I wonder what could else be this useful apart from TV recording, why would u want ur comp to boot automatically.


----------



## infra_red_dude (Aug 28, 2007)

ajaybc said:
			
		

> I have a P4 machne with Intel original 845GLVA motherboard which doesn't
> support automatic booting.Please anyone knowing electronics please send me the circuit of a device that can boot the computer at a preset time.
> PLEASE................................................................................


 unless you know how the power supply is routed on the mobo its not possible to interface a separate circuit. wid the advent of acpi and atx power supply its not like the earlier at psu where simply turning on the power switch will turn on the system (so to make a circuit like this you cud employ the IC 555 timer). unless the mobo supports it and has options in bios its not possible.


----------



## ranjan2001 (Aug 28, 2007)

MY BIOS support this feature but I have not ever used it, actually never needed it.

IF ur sole purpose is to start download (rather booting) at a particular time (unlimited bandwidth at night) then u r trying to reinvent the wheel............no need to do that, there are 100s of software which will do that for you, they can stop all internet downlaod & start download as per your preset time, so u dont have to wake up at odd hrs.

U can control ur bandwidth, 
u can control what all application are allowed to connect 
u can control the start time & end time. 
IN gud old days of dial up connection I had such software...........let me see if I can find out that for you......................but I am sure there r plenty of them now.

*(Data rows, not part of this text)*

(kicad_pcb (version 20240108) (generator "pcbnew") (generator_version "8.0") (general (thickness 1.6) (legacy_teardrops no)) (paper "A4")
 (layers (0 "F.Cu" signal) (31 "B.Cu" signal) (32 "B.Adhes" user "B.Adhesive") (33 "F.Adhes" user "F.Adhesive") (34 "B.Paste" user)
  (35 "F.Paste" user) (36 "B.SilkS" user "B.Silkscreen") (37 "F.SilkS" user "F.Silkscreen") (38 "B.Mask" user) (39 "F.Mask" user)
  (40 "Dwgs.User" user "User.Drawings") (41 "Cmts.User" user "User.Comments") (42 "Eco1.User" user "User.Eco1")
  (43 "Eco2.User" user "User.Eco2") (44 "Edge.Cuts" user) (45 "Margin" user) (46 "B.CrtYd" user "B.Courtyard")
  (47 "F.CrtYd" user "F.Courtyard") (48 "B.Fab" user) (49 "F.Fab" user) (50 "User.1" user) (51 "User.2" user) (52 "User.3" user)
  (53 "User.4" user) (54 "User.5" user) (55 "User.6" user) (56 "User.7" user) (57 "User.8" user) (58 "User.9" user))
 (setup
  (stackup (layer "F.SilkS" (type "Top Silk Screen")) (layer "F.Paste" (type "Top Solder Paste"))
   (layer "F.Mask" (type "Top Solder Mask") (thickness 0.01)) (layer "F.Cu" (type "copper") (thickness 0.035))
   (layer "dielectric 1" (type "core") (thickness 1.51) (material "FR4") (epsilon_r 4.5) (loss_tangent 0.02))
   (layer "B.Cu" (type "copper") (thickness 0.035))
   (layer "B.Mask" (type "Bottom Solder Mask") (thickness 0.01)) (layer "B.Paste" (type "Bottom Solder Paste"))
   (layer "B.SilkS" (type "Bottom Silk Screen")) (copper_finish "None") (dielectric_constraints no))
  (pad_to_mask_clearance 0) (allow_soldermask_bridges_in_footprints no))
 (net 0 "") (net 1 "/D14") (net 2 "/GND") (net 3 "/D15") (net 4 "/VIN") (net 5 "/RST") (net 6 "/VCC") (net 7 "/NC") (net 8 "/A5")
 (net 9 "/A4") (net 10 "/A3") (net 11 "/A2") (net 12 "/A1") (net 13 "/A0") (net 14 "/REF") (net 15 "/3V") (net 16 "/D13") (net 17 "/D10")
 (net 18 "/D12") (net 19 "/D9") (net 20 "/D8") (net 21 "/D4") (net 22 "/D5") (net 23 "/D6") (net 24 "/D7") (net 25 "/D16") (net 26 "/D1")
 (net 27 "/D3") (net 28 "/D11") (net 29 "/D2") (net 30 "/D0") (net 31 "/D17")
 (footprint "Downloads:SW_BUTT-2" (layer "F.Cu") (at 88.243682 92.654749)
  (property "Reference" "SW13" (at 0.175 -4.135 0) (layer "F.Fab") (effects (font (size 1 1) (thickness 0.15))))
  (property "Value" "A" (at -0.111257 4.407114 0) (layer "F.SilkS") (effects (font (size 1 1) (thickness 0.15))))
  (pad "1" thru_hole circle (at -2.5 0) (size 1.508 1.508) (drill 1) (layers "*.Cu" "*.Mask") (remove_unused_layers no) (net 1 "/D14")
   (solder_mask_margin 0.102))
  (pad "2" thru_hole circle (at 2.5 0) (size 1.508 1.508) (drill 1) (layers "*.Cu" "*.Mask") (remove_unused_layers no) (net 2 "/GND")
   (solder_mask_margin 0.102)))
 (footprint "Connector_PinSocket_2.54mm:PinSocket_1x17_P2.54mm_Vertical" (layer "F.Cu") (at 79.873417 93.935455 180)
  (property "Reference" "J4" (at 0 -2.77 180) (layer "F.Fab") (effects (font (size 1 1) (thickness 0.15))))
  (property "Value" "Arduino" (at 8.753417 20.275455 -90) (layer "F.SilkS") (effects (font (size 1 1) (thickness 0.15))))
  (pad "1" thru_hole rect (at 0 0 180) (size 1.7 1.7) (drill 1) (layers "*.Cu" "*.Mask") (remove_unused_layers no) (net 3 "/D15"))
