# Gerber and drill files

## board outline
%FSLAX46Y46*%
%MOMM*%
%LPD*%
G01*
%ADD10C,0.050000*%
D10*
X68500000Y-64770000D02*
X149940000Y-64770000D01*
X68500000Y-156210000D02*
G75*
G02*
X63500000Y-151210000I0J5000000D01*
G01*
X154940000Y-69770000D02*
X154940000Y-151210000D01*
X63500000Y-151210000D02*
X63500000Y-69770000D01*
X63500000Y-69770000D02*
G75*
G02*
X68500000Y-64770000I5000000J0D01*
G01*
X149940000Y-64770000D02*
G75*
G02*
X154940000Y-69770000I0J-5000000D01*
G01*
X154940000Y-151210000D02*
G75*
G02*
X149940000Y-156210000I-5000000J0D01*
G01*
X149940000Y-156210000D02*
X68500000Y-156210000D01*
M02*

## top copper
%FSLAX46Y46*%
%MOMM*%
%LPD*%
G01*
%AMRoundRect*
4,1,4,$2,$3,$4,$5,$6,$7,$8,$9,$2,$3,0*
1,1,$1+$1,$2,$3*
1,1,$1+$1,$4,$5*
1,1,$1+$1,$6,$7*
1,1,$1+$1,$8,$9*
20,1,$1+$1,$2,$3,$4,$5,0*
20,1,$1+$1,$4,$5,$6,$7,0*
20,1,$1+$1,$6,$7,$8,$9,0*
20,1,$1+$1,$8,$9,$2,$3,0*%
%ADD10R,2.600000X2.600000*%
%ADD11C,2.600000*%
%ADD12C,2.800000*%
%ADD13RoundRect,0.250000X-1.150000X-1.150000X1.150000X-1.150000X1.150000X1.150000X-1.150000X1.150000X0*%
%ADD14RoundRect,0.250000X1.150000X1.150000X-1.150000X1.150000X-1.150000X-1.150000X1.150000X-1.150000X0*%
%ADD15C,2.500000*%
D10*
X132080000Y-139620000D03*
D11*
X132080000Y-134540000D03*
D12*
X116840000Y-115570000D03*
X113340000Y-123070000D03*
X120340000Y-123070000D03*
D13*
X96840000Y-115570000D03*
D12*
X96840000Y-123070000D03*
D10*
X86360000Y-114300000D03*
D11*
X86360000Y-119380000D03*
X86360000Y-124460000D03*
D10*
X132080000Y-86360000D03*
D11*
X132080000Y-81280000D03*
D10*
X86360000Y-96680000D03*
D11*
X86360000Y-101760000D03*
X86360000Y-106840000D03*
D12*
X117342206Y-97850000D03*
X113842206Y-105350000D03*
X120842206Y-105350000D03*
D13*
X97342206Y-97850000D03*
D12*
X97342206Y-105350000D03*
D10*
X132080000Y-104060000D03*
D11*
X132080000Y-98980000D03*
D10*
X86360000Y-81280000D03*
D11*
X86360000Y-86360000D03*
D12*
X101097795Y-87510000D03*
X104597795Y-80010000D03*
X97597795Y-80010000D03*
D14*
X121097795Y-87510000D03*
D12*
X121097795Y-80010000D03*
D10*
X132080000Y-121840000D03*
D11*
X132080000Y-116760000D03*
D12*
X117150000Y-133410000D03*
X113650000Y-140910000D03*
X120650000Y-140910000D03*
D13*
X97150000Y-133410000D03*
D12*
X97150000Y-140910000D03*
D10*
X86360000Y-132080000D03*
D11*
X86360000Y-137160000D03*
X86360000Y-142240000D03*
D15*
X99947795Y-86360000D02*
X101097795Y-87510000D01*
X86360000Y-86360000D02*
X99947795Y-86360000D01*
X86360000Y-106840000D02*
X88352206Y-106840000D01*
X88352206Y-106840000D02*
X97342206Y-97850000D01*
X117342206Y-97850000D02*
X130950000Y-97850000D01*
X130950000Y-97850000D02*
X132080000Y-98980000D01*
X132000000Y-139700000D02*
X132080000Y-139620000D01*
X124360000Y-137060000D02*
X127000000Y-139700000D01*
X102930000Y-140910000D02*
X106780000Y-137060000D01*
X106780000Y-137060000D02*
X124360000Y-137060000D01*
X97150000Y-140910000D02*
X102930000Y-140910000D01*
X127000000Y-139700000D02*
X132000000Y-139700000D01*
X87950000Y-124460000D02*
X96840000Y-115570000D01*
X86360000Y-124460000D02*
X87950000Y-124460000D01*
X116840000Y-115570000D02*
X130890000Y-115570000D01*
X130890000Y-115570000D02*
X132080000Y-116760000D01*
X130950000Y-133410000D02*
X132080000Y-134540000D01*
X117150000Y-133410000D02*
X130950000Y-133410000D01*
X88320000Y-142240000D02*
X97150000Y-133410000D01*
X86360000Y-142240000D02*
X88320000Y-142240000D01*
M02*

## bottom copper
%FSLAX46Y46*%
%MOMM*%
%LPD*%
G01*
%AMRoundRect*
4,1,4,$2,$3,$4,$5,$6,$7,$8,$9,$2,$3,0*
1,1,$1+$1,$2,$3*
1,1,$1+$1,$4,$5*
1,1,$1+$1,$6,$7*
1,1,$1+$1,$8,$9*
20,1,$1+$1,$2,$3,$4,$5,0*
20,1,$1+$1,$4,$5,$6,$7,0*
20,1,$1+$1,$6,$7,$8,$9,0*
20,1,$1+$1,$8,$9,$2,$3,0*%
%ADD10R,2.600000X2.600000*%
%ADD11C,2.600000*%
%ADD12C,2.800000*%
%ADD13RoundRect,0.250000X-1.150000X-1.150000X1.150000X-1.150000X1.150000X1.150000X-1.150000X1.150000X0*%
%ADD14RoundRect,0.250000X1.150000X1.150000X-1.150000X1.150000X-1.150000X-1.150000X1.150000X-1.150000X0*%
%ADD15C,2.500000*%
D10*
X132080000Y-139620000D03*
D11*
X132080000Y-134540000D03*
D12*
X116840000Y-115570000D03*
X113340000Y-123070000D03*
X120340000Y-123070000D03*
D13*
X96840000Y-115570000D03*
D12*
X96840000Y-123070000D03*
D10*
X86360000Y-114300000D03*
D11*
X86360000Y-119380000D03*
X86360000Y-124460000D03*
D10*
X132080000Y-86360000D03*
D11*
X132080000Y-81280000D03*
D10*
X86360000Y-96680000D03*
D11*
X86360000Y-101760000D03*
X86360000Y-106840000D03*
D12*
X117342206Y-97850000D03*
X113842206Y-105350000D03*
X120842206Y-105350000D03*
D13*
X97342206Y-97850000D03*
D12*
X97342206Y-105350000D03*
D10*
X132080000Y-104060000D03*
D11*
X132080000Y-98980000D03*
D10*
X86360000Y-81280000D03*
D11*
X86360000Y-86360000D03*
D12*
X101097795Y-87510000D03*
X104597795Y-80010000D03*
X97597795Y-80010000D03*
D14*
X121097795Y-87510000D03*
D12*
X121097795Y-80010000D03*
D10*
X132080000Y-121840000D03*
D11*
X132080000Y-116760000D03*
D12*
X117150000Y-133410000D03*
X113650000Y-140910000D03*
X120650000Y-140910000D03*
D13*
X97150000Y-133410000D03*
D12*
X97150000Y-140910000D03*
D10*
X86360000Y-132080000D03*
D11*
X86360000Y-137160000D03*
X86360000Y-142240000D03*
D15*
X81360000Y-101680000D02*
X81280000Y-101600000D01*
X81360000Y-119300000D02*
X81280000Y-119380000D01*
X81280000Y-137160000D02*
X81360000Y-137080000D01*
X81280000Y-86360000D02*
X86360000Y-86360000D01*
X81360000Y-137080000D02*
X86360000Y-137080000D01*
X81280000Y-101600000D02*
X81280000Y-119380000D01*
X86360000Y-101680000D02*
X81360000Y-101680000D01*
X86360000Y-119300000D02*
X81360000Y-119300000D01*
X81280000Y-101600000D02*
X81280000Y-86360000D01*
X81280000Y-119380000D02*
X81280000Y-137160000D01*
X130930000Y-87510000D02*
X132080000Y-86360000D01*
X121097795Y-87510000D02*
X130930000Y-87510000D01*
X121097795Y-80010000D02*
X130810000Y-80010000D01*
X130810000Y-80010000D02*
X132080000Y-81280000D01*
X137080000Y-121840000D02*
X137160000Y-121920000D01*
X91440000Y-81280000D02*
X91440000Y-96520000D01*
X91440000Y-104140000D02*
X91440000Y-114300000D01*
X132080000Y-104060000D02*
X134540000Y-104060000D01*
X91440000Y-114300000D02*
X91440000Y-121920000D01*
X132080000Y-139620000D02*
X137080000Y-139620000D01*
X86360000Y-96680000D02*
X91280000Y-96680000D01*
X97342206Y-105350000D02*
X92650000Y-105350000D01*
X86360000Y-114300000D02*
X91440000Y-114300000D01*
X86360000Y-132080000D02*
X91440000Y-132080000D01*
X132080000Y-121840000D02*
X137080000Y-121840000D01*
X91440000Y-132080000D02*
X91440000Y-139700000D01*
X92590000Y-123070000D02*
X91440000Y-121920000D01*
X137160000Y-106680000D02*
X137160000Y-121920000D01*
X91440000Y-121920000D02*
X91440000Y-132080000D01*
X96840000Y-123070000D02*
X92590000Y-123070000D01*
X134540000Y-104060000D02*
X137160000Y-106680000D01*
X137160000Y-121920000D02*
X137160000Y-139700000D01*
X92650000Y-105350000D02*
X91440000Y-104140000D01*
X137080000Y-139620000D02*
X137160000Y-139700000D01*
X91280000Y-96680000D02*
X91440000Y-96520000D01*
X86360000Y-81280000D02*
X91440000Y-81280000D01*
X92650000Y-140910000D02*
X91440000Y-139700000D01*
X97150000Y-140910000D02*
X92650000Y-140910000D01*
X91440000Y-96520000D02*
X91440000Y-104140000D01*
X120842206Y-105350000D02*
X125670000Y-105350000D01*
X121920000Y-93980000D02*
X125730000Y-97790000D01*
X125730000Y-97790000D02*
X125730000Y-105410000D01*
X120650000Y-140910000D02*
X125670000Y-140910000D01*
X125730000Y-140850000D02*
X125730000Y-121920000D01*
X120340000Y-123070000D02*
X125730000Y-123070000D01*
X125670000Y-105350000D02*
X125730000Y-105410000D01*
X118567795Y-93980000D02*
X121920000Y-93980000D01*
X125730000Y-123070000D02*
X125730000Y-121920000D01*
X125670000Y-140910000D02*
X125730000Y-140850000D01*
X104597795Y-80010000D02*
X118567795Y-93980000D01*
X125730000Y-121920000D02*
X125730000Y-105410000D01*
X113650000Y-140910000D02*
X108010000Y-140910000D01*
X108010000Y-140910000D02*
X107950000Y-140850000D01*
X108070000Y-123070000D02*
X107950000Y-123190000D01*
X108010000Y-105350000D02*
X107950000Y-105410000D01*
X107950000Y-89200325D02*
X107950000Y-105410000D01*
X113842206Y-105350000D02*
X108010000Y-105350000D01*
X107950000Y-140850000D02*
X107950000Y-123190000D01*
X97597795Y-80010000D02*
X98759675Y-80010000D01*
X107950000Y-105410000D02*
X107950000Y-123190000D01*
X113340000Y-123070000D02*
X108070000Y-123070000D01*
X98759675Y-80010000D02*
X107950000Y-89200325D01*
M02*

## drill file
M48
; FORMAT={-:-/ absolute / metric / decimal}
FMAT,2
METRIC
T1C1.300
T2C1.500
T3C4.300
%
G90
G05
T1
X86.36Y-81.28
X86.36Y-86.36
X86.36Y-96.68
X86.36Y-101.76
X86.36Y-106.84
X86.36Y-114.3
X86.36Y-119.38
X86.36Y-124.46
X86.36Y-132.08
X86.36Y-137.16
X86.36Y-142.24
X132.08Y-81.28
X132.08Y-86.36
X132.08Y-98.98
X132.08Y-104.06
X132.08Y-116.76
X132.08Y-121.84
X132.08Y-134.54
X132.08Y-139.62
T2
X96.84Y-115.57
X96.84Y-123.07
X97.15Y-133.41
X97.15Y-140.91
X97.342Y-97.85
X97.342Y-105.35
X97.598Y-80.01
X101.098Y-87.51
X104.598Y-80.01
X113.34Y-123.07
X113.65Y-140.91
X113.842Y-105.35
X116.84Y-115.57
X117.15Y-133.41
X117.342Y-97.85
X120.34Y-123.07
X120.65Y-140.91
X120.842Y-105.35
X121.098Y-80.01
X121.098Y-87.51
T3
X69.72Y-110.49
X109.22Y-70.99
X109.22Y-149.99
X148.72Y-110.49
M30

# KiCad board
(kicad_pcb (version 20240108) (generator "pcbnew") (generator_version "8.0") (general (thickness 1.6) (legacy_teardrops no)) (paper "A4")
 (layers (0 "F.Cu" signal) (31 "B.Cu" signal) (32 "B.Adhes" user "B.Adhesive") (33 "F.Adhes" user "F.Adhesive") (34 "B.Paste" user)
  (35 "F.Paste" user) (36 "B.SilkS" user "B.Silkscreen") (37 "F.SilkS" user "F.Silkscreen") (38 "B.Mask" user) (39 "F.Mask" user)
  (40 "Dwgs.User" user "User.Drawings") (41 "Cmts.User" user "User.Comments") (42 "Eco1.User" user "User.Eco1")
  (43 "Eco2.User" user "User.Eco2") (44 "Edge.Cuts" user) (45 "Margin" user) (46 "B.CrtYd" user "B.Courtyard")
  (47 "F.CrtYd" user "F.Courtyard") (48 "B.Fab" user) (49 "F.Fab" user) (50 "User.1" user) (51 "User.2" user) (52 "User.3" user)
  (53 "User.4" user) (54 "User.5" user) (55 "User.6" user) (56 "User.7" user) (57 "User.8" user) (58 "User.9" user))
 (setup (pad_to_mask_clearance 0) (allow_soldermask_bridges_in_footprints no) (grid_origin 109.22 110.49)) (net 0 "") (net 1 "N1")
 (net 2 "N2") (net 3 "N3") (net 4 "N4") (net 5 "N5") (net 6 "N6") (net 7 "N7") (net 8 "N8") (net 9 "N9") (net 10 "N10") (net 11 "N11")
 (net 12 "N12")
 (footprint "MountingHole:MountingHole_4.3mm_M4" (layer "F.Cu") (at 109.22 149.99)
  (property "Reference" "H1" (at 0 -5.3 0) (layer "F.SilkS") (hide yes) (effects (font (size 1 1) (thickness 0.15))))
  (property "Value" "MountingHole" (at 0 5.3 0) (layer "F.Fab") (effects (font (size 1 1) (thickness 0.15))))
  (pad "" np_thru_hole circle (at 0 0) (size 4.3 4.3) (drill 4.3) (layers "*.Cu" "*.Mask")))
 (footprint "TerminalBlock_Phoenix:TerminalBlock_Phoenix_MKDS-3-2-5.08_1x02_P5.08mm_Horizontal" (layer "F.Cu") (at 132.08 139.62 90)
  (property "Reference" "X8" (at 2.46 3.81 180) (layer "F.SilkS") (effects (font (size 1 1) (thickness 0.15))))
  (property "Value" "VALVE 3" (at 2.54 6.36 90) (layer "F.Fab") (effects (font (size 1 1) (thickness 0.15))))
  (pad "1" thru_hole rect (at 0 0 90) (size 2.6 2.6) (drill 1.3) (layers "*.Cu" "*.Mask") (remove_unused_layers no) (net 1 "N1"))
  (pad "2" thru_hole circle (at 5.08 0 90) (size 2.6 2.6) (drill 1.3) (layers "*.Cu" "*.Mask") (remove_unused_layers no) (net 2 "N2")))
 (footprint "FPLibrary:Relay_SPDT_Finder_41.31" (layer "F.Cu") (at 96.84 115.57)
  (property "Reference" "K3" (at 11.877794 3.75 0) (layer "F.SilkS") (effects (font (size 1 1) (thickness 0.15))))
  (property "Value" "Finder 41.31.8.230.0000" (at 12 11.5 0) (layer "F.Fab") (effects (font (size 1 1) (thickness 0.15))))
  (pad "11" thru_hole circle (at 20 0) (size 2.8 2.8) (drill 1.5) (layers "*.Cu" "*.Mask") (remove_unused_layers no) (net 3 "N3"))
  (pad "12" thru_hole circle (at 16.5 7.5) (size 2.8 2.8) (drill 1.5) (layers "*.Cu" "*.Mask") (remove_unused_layers no) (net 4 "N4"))
  (pad "14" thru_hole circle (at 23.5 7.5) (size 2.8 2.8) (drill 1.5) (layers "*.Cu" "*.Mask") (remove_unused_layers no) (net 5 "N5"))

Make another post in software forum asking about ur actual requirements & some member can surely help u.


----------



## iMav (Aug 28, 2007)

@infra i hink its rather easy ... the power button conx on the cabinet can be easily trigerred by an external timer ckt and that wud be rather easy to setup

so the setup wud be like the power button conx on the cabinet wud be trigerred by a 555


----------



## csczero (Aug 28, 2007)

Putting PC on STAND BY with Windows schedular would do the trick


----------



## infra_red_dude (Aug 28, 2007)

yes imav, you can then you'll need a two way switch to shift from the timer to the power button. its not difficult.. but hafing support in bios is always a better and safer option.


----------



## ajaybc (Aug 28, 2007)

My plan is this:see image attachment 
Will u please tell me how to use that timer bcoz iam an absolute zero in electronics.please send me the circuit drawing


----------



## Pathik (Aug 28, 2007)

i hav very limited knowledge of electronics... but u can use a software that can access ur cmos timer and accordingly switch on/off ur computer..


----------



## infra_red_dude (Aug 28, 2007)

ajay the problem wid ur circuit is that the power button is no longer the kinda one shown by you. so you can't haf the timer circuit in parallel. you'll hafta use a two way switch for that.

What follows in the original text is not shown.